Чтобы научиться этому “глубинному бурению”, необходимо знакомство с такой отраслью знаний, как теология литературы. Попытаюсь объяснить, чем она является в моем представлении. Если предельно коротко, то это такая отрасль гуманитарных знаний, задача которой состоит в том, чтобы вписать литературный процесс в особую картину мира. Эта картина совсем не такая, как у философов, скажем, у Платона, Аристотеля или Гегеля. Она такова, какой ее изображают Ветхий и Новый Заветы, от Книги Бытие и вплоть до Откровения Иоанна Богослова.
Для верного понимания Достоевского и Толстого крайне недостаточно атеистического взгляда на их творчество. Такой взгляд, каким бы искушенным и интеллектуально утонченным он ни был, серьезно препятствует постижению сути их жизненных миров и миров их творений, поскольку упускает из виду самое важное — отношения писателей с Богом, с абсолютными смыслами и ценностями бытия. Более того, он, как правило, намеренно оттесняет эти главные смыслы, идеи, идеалы в темные, дальние углы текстуальных пространств, чтобы их там невозможно было разглядеть. Знатоки литературы с такими установками нанесли огромный ущерб тем отраслям гуманитарного знания, которые сегодня обозначают такими неуклюжими терминами, как достоевсковедение и толстоведение. И все оттого, что их атеистическая оптика и секулярный язык обманчивы изначально и принципиально. Они лживы не из-за какого-то особого злонравия пишущих гуманитариев, а просто из-за того, что в само основание всех их суждений заложена изначальная ложь.
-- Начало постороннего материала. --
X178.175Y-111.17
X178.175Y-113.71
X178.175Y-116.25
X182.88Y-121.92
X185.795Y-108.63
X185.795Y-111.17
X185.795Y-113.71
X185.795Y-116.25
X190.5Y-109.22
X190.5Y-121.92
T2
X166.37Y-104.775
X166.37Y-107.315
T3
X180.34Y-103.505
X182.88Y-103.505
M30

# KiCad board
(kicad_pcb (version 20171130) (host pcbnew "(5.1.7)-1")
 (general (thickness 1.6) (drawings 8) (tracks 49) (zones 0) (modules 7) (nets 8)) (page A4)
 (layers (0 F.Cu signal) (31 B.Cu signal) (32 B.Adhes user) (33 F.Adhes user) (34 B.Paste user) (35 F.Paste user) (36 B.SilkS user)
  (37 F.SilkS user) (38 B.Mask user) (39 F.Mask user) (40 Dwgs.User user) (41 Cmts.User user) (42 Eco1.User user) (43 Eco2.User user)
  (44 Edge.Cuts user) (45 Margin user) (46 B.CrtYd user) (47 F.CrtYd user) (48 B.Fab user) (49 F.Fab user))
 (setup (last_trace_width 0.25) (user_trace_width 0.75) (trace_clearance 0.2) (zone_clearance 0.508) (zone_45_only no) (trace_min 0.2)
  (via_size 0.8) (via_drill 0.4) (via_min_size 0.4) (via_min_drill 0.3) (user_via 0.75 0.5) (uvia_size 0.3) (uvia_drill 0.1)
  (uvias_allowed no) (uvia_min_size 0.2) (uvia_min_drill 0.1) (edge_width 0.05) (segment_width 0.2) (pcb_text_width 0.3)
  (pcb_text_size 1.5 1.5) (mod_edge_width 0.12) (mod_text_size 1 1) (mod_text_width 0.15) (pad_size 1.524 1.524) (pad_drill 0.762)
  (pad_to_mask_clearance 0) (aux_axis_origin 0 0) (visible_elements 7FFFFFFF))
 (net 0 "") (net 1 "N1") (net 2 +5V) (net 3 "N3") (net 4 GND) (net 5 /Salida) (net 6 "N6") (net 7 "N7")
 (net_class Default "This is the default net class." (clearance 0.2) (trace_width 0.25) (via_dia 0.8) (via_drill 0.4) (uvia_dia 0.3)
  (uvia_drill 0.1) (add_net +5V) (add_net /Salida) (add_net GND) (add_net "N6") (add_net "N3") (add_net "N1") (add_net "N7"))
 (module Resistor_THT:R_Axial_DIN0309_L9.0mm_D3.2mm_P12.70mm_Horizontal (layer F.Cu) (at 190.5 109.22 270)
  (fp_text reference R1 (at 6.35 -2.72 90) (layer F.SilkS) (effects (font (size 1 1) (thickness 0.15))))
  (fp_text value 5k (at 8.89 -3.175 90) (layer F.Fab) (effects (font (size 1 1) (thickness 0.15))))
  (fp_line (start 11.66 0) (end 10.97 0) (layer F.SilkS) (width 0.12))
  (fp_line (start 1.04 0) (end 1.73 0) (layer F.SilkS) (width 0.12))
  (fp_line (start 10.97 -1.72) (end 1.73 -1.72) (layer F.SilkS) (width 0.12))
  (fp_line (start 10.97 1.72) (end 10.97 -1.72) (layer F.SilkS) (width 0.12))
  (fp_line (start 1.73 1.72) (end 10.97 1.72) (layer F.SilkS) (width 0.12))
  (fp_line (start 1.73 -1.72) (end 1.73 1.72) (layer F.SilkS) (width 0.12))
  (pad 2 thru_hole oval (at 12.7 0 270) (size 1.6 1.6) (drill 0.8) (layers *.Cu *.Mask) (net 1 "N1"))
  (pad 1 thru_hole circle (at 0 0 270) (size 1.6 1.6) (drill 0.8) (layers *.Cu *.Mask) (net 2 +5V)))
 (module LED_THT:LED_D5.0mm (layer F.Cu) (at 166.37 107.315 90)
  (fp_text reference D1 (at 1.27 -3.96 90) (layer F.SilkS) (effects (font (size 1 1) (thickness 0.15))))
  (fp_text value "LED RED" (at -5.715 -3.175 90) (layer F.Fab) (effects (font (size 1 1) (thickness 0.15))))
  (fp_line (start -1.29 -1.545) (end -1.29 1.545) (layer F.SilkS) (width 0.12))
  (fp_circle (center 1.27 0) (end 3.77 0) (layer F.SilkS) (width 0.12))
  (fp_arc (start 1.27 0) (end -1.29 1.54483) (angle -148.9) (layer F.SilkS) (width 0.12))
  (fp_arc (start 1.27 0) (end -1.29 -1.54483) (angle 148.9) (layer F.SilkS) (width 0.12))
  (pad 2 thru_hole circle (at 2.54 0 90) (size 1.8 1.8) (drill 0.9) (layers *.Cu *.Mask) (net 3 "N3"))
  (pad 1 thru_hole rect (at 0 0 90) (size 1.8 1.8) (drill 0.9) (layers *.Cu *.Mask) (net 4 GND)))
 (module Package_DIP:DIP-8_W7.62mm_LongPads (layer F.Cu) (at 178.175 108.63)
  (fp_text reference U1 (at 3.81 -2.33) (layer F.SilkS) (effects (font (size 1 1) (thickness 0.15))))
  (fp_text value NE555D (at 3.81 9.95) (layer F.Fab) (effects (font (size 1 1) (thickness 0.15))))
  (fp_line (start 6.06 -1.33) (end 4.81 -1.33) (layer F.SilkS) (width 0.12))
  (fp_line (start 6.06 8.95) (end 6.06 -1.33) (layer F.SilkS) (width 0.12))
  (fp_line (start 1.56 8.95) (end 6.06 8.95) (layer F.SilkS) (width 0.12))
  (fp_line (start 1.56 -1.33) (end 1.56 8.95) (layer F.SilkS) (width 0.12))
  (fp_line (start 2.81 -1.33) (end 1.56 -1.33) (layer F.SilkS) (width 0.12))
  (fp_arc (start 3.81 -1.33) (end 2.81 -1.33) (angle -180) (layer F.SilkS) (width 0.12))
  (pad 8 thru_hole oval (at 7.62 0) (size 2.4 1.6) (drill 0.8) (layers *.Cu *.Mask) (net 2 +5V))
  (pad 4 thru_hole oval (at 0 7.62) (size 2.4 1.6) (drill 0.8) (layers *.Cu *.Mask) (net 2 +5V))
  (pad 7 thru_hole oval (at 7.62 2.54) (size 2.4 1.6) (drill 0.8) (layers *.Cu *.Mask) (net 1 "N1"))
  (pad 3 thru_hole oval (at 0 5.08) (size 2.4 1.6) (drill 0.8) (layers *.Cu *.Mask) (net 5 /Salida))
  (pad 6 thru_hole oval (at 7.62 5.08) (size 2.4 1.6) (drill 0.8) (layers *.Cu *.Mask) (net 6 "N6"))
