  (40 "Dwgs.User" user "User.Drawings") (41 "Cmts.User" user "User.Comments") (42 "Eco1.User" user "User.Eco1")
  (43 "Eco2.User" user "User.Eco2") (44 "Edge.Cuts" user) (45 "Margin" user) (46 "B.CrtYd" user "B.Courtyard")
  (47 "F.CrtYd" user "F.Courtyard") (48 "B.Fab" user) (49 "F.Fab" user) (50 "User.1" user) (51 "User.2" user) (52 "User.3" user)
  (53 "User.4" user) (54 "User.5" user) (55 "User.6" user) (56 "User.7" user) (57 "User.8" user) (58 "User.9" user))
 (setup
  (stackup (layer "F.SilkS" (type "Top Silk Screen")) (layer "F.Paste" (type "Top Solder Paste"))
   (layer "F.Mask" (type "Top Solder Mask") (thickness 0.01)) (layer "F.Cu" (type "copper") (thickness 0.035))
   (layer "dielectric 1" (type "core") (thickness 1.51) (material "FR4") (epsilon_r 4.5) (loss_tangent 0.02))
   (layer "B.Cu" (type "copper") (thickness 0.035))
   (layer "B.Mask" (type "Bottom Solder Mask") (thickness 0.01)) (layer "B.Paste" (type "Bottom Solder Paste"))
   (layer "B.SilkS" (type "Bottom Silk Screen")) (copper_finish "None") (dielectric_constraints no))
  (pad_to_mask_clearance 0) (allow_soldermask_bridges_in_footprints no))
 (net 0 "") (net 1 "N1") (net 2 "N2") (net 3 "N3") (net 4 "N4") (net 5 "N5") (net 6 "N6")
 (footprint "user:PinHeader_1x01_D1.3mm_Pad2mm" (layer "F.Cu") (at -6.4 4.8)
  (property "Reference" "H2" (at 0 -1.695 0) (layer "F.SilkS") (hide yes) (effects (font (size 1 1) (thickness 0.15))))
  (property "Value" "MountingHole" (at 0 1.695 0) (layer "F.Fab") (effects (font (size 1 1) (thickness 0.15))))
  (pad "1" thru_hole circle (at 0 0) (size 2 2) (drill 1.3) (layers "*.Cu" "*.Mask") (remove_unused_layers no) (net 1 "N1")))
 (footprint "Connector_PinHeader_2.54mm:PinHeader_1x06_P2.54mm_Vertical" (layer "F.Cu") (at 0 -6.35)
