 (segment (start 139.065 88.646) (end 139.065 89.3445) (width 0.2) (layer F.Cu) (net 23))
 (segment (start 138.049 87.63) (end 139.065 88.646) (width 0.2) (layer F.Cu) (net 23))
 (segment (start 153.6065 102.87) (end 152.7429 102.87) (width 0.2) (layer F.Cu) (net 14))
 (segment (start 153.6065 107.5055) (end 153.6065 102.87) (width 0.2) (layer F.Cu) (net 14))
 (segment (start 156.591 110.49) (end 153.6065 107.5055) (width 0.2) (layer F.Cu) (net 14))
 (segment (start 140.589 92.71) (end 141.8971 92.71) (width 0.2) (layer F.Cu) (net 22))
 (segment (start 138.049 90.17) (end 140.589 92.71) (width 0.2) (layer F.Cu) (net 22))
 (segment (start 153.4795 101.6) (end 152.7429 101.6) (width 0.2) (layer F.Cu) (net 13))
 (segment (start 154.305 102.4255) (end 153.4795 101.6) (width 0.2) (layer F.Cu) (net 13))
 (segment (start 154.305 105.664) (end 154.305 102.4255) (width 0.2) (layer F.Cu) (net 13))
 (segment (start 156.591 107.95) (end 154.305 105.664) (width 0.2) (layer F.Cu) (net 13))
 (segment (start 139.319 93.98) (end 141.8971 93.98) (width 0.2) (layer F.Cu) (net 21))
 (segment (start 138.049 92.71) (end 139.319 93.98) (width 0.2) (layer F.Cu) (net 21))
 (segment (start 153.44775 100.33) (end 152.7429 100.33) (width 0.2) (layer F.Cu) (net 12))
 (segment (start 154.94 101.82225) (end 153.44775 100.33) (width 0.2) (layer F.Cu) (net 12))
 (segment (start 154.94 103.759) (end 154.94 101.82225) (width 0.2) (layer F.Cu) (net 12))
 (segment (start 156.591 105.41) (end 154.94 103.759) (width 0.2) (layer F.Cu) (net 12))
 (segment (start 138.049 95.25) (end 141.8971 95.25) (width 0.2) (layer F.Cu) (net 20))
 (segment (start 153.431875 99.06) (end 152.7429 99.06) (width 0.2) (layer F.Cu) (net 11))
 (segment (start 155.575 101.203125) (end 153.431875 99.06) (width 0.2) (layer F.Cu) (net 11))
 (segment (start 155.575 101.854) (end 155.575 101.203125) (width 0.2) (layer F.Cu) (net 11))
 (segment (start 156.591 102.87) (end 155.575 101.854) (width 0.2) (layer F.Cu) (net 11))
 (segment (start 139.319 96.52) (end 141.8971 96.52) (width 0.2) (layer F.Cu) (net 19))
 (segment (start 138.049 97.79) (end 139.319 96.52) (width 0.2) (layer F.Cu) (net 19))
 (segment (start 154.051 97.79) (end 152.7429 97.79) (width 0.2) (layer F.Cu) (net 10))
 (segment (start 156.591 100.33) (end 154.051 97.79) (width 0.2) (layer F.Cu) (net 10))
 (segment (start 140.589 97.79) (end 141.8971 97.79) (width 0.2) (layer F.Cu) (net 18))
Это ложь отрицания бытия Бога. О таких, как они, Книга пророка Иеремии говорит прямо и жестко: “Они солгали на Господа и сказали: └нет Его…“” (Иер. 5, 12).
Язык интеллектуала-атеиста опирается на самоуверенные и вместе с тем весьма опрометчивые утверждения, настаивающие на том, что трансцендентной реальности не существует, что в мире нет абсолютов и все относительно, что человек появился неизвестно откуда, непонятно почему, по неясным и необъяснимым причинам, что его одиночество во Вселенной компенсируется сознанием своей самодостаточности и т. д. Если на таком языке говорить о Достоевском и Толстом, то это не принесет нам больших открытий. Поэтому пользоваться им — значит напрасно тратить время. Темы богоискательства и богоборчества классиков требуют иного языка и другого интеллектуального опыта, опирающихся не на остроты Вольтера и ругательства Ульянова-Ленина, а на традиции библейско-христианского миропонимания и на аналитические навыки теологически экипированного интеллектуализма.
Круг проблем теологии литературы существенно сложнее того круга проблем, внутри которого вращается атеистическая теория литературы. Теологический подход предполагает внимание к самому важному и ценному из того, что есть в литературных текстах, — к библейским истокам литературной реальности, к ее связям с теми высшими смыслами, абсолютными ценностями и безусловными нормами, на которые опирается христианство. Теологию литературы интересует то, насколько писатель, его жизненный мир, творческие идеи и художественные образы близки к этим смыслам и ценностям или же насколько они удалены от них. Ей любопытны также причины таких сближений или удалений. И Достоевский с Толстым для нее — это два типа разговора человека с Богом, две модели взаимоотношений творческого “я” с трансцендентной реальностью, две разновидности опыта взаимодействий художника с “мирами иными”.